Este choque, era, además, clave para que el Xeneize pudiera volver a la punta luego de la derrota de la semana pasada ante San Lorenzo. También, se trataba del primero luego de la eliminación de la Copa Libertadores, en el ya famoso partido que terminó en los escritorios de la CONMEBOL.

El triunfo tiene un enorme valor anímico para Boca. Porque le permite encarar el tramo final del torneo demostrando algo fundamental: carácter en las difíciles. River había sacado ventaja en los Superclásicos eliminatorios por las Copas (Sudamericana y Libertadores) apelando a la garra, la pierna fuerte –muchas veces al límite y con la pasividad de los árbitros-, ante un Boca que se vio superado siempre desde lo anímico.

Lodeiro le dio una victoria clave a Boca. Por eso, de entrada y de la mano del Apache, empezó a marcar la cancha.

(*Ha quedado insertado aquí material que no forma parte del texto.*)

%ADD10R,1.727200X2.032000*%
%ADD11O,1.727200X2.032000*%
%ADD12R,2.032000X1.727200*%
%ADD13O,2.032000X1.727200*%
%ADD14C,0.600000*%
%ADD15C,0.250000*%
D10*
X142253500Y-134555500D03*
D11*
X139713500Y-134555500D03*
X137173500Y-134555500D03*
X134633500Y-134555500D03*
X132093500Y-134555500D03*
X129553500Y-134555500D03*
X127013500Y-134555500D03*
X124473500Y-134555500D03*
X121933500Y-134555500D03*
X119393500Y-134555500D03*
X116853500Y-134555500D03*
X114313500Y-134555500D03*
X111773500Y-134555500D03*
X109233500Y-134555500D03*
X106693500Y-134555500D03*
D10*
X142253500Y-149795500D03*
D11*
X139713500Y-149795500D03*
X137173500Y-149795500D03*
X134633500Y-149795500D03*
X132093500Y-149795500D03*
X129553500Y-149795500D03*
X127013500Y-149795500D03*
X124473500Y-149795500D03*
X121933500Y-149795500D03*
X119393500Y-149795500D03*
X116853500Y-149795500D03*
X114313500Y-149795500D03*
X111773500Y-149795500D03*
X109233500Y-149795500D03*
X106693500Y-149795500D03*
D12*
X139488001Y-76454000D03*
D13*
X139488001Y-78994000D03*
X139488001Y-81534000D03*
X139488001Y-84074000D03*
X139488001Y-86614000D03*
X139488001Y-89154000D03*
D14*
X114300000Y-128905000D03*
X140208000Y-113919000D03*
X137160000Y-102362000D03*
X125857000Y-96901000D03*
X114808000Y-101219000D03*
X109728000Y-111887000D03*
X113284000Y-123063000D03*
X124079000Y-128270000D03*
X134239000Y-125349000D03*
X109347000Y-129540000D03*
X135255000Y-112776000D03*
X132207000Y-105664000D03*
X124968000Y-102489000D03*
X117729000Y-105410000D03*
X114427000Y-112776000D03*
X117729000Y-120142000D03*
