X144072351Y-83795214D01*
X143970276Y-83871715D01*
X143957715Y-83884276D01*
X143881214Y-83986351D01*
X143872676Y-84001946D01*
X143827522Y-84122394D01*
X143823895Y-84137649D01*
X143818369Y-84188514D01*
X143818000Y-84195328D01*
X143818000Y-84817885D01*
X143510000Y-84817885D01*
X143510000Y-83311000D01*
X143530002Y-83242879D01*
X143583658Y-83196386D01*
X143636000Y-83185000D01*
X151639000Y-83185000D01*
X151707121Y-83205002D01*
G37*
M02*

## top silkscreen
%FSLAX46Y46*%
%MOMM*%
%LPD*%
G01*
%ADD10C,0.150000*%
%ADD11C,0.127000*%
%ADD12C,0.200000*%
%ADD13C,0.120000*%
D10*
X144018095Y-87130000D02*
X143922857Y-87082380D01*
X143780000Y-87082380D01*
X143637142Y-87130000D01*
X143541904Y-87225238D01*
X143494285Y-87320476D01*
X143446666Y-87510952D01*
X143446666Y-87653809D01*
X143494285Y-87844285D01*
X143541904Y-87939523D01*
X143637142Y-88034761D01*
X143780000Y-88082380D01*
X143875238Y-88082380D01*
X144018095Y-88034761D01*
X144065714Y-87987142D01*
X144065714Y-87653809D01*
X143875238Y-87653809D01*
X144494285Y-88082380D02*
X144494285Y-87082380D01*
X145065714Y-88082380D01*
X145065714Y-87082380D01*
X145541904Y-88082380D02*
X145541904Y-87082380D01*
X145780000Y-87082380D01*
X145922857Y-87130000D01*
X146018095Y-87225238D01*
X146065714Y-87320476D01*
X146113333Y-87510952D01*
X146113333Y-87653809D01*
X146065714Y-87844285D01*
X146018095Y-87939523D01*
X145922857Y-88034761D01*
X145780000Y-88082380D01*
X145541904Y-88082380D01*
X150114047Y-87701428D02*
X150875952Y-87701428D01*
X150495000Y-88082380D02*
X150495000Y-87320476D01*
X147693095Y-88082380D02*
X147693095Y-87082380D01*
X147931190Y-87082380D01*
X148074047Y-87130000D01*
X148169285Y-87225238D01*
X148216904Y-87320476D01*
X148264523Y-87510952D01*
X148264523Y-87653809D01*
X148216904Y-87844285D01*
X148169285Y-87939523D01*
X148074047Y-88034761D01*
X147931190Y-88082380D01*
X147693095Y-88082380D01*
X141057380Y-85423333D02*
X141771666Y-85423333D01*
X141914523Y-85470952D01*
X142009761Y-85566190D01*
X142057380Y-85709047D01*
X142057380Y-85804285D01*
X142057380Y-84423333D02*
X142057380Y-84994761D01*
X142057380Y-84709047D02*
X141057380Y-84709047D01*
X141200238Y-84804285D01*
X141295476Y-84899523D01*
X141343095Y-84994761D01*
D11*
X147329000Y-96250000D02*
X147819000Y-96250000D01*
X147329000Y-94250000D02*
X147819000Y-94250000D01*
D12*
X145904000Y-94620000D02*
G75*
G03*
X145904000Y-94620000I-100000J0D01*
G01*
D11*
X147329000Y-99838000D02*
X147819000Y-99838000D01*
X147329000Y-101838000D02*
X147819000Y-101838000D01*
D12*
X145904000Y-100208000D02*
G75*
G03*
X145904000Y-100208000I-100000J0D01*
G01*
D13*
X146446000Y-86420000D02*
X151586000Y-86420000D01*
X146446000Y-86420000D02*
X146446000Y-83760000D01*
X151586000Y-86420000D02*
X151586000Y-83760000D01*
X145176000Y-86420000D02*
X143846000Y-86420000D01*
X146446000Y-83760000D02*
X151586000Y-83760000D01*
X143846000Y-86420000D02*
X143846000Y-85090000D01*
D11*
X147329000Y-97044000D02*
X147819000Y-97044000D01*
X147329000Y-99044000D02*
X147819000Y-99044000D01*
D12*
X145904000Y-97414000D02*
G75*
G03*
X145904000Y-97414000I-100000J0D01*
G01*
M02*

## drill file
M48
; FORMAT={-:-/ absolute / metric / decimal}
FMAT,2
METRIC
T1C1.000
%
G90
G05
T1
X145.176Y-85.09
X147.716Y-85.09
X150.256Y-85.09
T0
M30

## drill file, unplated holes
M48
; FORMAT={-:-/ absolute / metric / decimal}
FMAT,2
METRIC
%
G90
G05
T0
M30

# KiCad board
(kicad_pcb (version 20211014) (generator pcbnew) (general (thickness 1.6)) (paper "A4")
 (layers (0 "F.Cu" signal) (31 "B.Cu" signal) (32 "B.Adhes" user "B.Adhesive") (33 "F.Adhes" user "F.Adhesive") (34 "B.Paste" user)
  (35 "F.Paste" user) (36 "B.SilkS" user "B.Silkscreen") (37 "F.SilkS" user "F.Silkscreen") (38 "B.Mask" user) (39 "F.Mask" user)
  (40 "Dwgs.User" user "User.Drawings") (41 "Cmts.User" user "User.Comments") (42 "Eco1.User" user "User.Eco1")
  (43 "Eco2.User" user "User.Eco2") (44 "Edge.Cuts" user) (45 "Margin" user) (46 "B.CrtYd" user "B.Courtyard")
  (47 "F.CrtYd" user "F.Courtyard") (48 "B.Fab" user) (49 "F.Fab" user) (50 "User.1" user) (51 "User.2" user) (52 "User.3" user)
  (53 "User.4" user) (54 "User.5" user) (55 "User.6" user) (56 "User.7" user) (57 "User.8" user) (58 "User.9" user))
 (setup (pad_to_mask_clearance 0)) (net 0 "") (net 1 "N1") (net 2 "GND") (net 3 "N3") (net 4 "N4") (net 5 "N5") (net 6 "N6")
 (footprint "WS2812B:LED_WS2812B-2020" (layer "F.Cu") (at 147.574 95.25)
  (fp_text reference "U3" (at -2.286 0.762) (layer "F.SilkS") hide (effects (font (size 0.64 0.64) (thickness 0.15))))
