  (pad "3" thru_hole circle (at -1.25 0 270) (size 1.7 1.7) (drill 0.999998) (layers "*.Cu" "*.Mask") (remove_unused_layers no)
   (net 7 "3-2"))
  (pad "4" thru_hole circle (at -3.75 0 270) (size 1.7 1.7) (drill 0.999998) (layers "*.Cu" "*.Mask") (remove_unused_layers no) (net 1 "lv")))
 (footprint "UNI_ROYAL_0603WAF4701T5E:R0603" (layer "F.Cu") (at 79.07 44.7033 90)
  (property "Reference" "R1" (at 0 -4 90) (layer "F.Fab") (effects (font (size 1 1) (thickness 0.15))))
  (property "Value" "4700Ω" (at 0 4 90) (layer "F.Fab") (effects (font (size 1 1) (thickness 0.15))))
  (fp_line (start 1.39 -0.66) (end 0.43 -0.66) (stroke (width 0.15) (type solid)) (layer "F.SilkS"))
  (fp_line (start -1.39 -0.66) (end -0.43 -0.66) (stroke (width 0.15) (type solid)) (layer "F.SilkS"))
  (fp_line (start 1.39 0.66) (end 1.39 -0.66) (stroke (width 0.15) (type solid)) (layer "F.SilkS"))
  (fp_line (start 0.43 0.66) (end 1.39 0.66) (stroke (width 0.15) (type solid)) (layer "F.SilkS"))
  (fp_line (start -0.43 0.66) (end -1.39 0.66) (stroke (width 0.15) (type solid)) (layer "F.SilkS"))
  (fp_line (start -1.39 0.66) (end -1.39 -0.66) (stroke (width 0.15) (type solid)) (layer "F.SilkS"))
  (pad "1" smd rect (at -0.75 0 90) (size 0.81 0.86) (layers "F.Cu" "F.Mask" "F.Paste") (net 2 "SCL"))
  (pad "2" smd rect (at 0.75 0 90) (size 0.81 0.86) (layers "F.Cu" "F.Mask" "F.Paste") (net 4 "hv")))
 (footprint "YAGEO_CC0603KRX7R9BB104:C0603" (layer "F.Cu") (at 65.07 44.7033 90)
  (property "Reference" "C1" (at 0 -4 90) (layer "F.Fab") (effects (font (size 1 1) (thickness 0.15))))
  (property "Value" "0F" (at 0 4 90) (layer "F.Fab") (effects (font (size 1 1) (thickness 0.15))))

Lo hizo ante Ponzio, el patrón del equipo de Gallardo. Hablando, discutiendo cada pelota, marcándole al árbitro cada falta del volante, que muchas veces juega al límite. En ese terreno, esta vez, el Xeneize no fue superado, aunque volvió a tener que sufrir un arbitraje que en algún punto lo perjudicó: el árbitro debió haber expulsado a Ponzio, quien varias veces caminó por la cornisa.

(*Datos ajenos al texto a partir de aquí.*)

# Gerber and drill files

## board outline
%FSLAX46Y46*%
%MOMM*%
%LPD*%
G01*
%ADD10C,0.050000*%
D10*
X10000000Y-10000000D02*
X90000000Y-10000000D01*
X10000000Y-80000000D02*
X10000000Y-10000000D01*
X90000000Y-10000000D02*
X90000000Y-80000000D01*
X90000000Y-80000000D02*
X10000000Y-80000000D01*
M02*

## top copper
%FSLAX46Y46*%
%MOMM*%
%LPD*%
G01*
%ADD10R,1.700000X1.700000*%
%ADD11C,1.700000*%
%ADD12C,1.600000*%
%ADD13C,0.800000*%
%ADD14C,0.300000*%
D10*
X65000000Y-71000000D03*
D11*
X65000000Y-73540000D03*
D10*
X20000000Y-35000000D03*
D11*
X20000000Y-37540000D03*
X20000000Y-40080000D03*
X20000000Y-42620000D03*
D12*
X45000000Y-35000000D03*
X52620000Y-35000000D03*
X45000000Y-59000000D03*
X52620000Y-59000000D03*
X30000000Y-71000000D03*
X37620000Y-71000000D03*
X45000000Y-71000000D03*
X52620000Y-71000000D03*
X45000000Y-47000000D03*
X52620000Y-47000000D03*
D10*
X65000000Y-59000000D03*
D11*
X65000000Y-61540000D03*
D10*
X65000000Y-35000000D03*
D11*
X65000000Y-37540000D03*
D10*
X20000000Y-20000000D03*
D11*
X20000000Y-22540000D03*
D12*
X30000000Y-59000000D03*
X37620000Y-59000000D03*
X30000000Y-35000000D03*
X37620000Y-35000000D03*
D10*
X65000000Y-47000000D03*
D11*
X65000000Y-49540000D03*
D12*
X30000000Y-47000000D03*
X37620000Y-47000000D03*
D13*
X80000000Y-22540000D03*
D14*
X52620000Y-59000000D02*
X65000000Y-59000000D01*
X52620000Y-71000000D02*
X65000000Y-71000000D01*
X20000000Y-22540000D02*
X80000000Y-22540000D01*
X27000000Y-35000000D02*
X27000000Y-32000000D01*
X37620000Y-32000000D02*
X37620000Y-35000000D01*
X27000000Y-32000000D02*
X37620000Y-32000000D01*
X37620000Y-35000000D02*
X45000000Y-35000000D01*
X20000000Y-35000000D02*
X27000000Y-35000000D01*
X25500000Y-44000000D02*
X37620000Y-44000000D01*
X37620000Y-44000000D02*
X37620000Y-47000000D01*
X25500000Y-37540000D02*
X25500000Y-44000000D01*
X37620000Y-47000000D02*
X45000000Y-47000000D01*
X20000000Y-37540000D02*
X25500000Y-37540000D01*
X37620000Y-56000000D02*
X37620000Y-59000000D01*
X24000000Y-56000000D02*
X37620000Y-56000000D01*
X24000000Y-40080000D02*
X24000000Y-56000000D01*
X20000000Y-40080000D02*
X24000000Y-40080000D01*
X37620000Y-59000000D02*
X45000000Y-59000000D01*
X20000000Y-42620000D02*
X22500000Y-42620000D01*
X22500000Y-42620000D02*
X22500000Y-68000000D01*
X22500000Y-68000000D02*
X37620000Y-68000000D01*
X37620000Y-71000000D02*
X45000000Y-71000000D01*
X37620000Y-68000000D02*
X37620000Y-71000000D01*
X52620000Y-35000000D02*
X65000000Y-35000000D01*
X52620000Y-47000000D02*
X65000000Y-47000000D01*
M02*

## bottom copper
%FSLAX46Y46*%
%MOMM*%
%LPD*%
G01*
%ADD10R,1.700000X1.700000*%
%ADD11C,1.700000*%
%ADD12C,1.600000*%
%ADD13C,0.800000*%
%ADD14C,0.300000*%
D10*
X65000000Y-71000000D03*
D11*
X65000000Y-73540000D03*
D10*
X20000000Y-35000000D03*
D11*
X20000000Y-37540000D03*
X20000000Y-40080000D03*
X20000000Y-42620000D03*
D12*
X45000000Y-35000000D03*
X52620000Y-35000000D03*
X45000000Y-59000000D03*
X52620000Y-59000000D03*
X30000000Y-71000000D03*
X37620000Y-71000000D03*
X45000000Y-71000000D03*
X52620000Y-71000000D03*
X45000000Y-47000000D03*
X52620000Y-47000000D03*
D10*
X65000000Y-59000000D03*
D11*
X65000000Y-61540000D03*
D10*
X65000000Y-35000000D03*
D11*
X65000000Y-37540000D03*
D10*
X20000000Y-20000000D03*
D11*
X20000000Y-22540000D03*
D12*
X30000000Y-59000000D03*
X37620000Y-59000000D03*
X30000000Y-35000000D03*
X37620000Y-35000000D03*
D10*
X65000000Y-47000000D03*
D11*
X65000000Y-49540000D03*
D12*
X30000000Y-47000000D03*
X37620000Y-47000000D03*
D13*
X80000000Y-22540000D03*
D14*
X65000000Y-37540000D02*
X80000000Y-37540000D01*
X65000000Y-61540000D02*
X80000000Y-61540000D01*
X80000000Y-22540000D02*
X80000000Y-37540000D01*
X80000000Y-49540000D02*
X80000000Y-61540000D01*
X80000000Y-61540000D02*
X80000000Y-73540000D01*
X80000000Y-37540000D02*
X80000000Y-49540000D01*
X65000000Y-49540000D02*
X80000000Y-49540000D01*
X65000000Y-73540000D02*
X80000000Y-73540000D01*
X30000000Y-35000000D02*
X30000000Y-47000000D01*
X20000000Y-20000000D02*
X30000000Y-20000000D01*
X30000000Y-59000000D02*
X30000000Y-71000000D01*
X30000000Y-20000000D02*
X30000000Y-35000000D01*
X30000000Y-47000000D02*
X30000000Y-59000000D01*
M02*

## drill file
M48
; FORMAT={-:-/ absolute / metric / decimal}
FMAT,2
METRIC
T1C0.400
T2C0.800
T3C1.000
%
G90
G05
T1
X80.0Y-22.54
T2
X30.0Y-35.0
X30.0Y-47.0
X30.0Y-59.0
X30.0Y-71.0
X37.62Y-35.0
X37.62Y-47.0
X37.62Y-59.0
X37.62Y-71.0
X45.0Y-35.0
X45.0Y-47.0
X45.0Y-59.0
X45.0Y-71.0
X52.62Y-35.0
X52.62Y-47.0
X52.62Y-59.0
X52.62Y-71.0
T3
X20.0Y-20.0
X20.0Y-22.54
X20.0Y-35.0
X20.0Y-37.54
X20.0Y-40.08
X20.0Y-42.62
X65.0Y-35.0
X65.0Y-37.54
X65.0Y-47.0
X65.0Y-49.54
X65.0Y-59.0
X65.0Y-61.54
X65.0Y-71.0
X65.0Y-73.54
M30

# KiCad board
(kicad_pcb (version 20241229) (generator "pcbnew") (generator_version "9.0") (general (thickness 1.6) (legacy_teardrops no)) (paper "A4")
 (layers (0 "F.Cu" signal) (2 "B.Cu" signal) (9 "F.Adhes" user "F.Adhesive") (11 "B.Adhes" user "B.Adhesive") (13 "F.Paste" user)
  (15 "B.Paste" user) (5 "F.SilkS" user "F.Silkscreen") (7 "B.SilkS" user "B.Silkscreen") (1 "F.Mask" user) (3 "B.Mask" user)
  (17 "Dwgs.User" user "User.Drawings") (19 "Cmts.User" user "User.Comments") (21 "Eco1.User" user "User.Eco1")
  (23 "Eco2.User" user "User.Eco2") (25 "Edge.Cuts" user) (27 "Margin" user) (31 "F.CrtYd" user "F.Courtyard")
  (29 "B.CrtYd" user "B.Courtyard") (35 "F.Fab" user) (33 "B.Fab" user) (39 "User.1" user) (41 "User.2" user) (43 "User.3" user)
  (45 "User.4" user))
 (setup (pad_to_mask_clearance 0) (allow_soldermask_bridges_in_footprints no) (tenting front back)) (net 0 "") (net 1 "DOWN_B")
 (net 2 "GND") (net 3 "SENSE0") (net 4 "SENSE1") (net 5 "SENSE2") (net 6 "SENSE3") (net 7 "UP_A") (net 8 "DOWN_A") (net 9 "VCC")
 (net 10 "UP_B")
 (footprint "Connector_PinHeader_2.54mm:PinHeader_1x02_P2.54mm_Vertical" (layer "F.Cu") (at 65 71)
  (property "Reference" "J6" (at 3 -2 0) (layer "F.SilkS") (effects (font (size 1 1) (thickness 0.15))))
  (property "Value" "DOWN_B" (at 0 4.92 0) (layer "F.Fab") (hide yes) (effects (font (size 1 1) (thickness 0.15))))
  (pad "1" thru_hole rect (at 0 0) (size 1.7 1.7) (drill 1) (layers "*.Cu" "*.Mask") (remove_unused_layers no) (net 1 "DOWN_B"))
  (pad "2" thru_hole circle (at 0 2.54) (size 1.7 1.7) (drill 1) (layers "*.Cu" "*.Mask") (remove_unused_layers no) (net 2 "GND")))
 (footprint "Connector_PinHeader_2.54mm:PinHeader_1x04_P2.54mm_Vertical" (layer "F.Cu") (at 20 35)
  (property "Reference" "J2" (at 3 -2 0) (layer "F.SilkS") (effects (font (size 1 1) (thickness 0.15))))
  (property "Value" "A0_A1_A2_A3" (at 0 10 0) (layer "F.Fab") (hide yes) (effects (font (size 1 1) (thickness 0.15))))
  (pad "1" thru_hole rect (at 0 0) (size 1.7 1.7) (drill 1) (layers "*.Cu" "*.Mask") (remove_unused_layers no) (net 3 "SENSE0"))
  (pad "2" thru_hole circle (at 0 2.54) (size 1.7 1.7) (drill 1) (layers "*.Cu" "*.Mask") (remove_unused_layers no) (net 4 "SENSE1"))
  (pad "3" thru_hole circle (at 0 5.08) (size 1.7 1.7) (drill 1) (layers "*.Cu" "*.Mask") (remove_unused_layers no) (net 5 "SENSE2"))
  (pad "4" thru_hole circle (at 0 7.62) (size 1.7 1.7) (drill 1) (layers "*.Cu" "*.Mask") (remove_unused_layers no) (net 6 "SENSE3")))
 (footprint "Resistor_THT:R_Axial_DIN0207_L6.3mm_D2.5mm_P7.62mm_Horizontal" (layer "F.Cu") (at 45 35)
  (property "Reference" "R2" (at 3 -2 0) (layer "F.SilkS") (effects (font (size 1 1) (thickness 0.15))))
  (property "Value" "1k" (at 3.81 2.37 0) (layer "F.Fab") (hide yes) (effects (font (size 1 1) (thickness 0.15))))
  (pad "1" thru_hole circle (at 0 0) (size 1.6 1.6) (drill 0.8) (layers "*.Cu" "*.Mask") (remove_unused_layers no) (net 3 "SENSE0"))
  (pad "2" thru_hole circle (at 7.62 0) (size 1.6 1.6) (drill 0.8) (layers "*.Cu" "*.Mask") (remove_unused_layers no) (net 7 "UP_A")))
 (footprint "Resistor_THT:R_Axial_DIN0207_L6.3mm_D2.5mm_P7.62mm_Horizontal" (layer "F.Cu") (at 45 59)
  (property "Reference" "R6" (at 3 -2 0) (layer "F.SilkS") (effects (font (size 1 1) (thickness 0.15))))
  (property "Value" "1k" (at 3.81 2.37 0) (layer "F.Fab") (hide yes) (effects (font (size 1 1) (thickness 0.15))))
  (pad "1" thru_hole circle (at 0 0) (size 1.6 1.6) (drill 0.8) (layers "*.Cu" "*.Mask") (remove_unused_layers no) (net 5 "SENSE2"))
  (pad "2" thru_hole circle (at 7.62 0) (size 1.6 1.6) (drill 0.8) (layers "*.Cu" "*.Mask") (remove_unused_layers no) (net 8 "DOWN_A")))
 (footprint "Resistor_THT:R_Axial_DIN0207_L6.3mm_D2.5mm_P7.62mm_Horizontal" (layer "F.Cu") (at 30 71)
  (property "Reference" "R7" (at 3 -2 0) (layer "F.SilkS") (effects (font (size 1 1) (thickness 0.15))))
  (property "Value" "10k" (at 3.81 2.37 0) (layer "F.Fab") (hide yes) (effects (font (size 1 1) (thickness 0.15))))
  (pad "1" thru_hole circle (at 0 0) (size 1.6 1.6) (drill 0.8) (layers "*.Cu" "*.Mask") (remove_unused_layers no) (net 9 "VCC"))
  (pad "2" thru_hole circle (at 7.62 0) (size 1.6 1.6) (drill 0.8) (layers "*.Cu" "*.Mask") (remove_unused_layers no) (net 6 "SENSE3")))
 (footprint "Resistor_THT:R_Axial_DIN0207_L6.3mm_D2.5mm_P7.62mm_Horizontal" (layer "F.Cu") (at 45 71)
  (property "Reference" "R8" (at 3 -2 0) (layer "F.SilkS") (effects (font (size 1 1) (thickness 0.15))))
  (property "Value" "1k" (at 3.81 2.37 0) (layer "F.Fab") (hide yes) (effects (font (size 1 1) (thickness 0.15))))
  (pad "1" thru_hole circle (at 0 0) (size 1.6 1.6) (drill 0.8) (layers "*.Cu" "*.Mask") (remove_unused_layers no) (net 6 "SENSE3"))
  (pad "2" thru_hole circle (at 7.62 0) (size 1.6 1.6) (drill 0.8) (layers "*.Cu" "*.Mask") (remove_unused_layers no) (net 1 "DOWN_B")))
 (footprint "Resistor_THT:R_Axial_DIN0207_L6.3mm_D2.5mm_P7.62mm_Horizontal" (layer "F.Cu") (at 45 47)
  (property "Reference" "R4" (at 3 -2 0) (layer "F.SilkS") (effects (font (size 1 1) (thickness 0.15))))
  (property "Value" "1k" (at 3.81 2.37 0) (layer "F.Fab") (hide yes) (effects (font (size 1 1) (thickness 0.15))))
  (pad "1" thru_hole circle (at 0 0) (size 1.6 1.6) (drill 0.8) (layers "*.Cu" "*.Mask") (remove_unused_layers no) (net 4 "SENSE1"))
  (pad "2" thru_hole circle (at 7.62 0) (size 1.6 1.6) (drill 0.8) (layers "*.Cu" "*.Mask") (remove_unused_layers no) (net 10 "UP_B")))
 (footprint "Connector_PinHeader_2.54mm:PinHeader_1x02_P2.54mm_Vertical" (layer "F.Cu") (at 65 59)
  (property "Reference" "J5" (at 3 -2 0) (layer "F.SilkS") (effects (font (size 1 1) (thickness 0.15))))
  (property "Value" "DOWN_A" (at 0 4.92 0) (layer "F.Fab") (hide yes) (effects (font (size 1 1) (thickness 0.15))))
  (pad "1" thru_hole rect (at 0 0) (size 1.7 1.7) (drill 1) (layers "*.Cu" "*.Mask") (remove_unused_layers no) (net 8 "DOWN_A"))
  (pad "2" thru_hole circle (at 0 2.54) (size 1.7 1.7) (drill 1) (layers "*.Cu" "*.Mask") (remove_unused_layers no) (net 2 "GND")))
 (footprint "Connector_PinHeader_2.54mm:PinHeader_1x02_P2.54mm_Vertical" (layer "F.Cu") (at 65 35)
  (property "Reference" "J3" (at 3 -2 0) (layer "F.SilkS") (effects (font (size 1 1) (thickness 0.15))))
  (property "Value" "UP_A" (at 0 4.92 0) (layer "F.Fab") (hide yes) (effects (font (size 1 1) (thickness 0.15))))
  (pad "1" thru_hole rect (at 0 0) (size 1.7 1.7) (drill 1) (layers "*.Cu" "*.Mask") (remove_unused_layers no) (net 7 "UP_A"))
  (pad "2" thru_hole circle (at 0 2.54) (size 1.7 1.7) (drill 1) (layers "*.Cu" "*.Mask") (remove_unused_layers no) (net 2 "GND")))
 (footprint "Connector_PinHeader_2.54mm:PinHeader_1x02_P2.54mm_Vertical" (layer "F.Cu") (at 20 20)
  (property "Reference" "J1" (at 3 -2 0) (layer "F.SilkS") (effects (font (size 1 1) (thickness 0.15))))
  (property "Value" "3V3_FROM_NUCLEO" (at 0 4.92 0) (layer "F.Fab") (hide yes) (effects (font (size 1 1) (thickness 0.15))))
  (pad "1" thru_hole rect (at 0 0) (size 1.7 1.7) (drill 1) (layers "*.Cu" "*.Mask") (remove_unused_layers no) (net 9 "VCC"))
  (pad "2" thru_hole circle (at 0 2.54) (size 1.7 1.7) (drill 1) (layers "*.Cu" "*.Mask") (remove_unused_layers no) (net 2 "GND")))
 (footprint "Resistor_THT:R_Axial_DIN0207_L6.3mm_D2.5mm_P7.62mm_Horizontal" (layer "F.Cu") (at 30 59)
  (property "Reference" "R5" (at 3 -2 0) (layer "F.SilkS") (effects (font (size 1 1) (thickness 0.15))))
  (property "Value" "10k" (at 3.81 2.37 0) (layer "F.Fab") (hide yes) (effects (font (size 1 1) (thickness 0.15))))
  (pad "1" thru_hole circle (at 0 0) (size 1.6 1.6) (drill 0.8) (layers "*.Cu" "*.Mask") (remove_unused_layers no) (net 9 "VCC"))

Pero Herrera se equivocó y fue el propio Gallardo el que corrigió el error del juez: para no quedarse con uno menos, lo sacó a los 35 del primer tiempo. De todos modos, aunque se mantuvo con 11 en cancha, la ausencia del caudillo fue una baja muy sensible para los de Núñez.

Los xeneizes no se dejaron llevar por delante. ¿Cuánto tuvo que ver Carlitos? Mucho. La actitud de Tevez se vio desde el arranque, en la previa al inicio del partido: arengando, alentando a cada uno de sus compañeros, recordándoles en cada mirada lo que se estaban jugando, el partido que tenían por delante.

Es cierto: Boca no hizo un gran partido desde lo futbolístico, pero no resignó ni una gota de sudor dentro del campo de juego. Peleó y ganó muchas pelotas divididas, puso garra y pierna fuerte, sin deslealtad. Jugó con el corazón. Como deben disputarse los Superclásicos. El propio Tevez estuvo deslucido desde el juego, pero fue el estandarte de este triunfo.

El 1 a 0 fue un respiro importante sin dudas para el Vasco, que llegaba muy cuestionado por la poca efectividad que bajo su conducción mostró Boca en los clásicos. Una derrota, está claro, hubiera dejado al DT muy comprometido. Ahora, le quedarán a los de la Ribera otras finales: Racing, por caso, y hasta el propio Central, sorpresivo protagonista de este certamen, en la última fecha y de visitante. Pero si sabe aprovechar el envión de este triunfo, estará más cerca de la gloria.

Decíamos en la previa a este encuentro, que Tevez era la gran esperanza de Boca. Y luego del Superclásico se refuerza la idea: da la sensación de que con Carlitos todo es posible para cortar la sequía de títulos.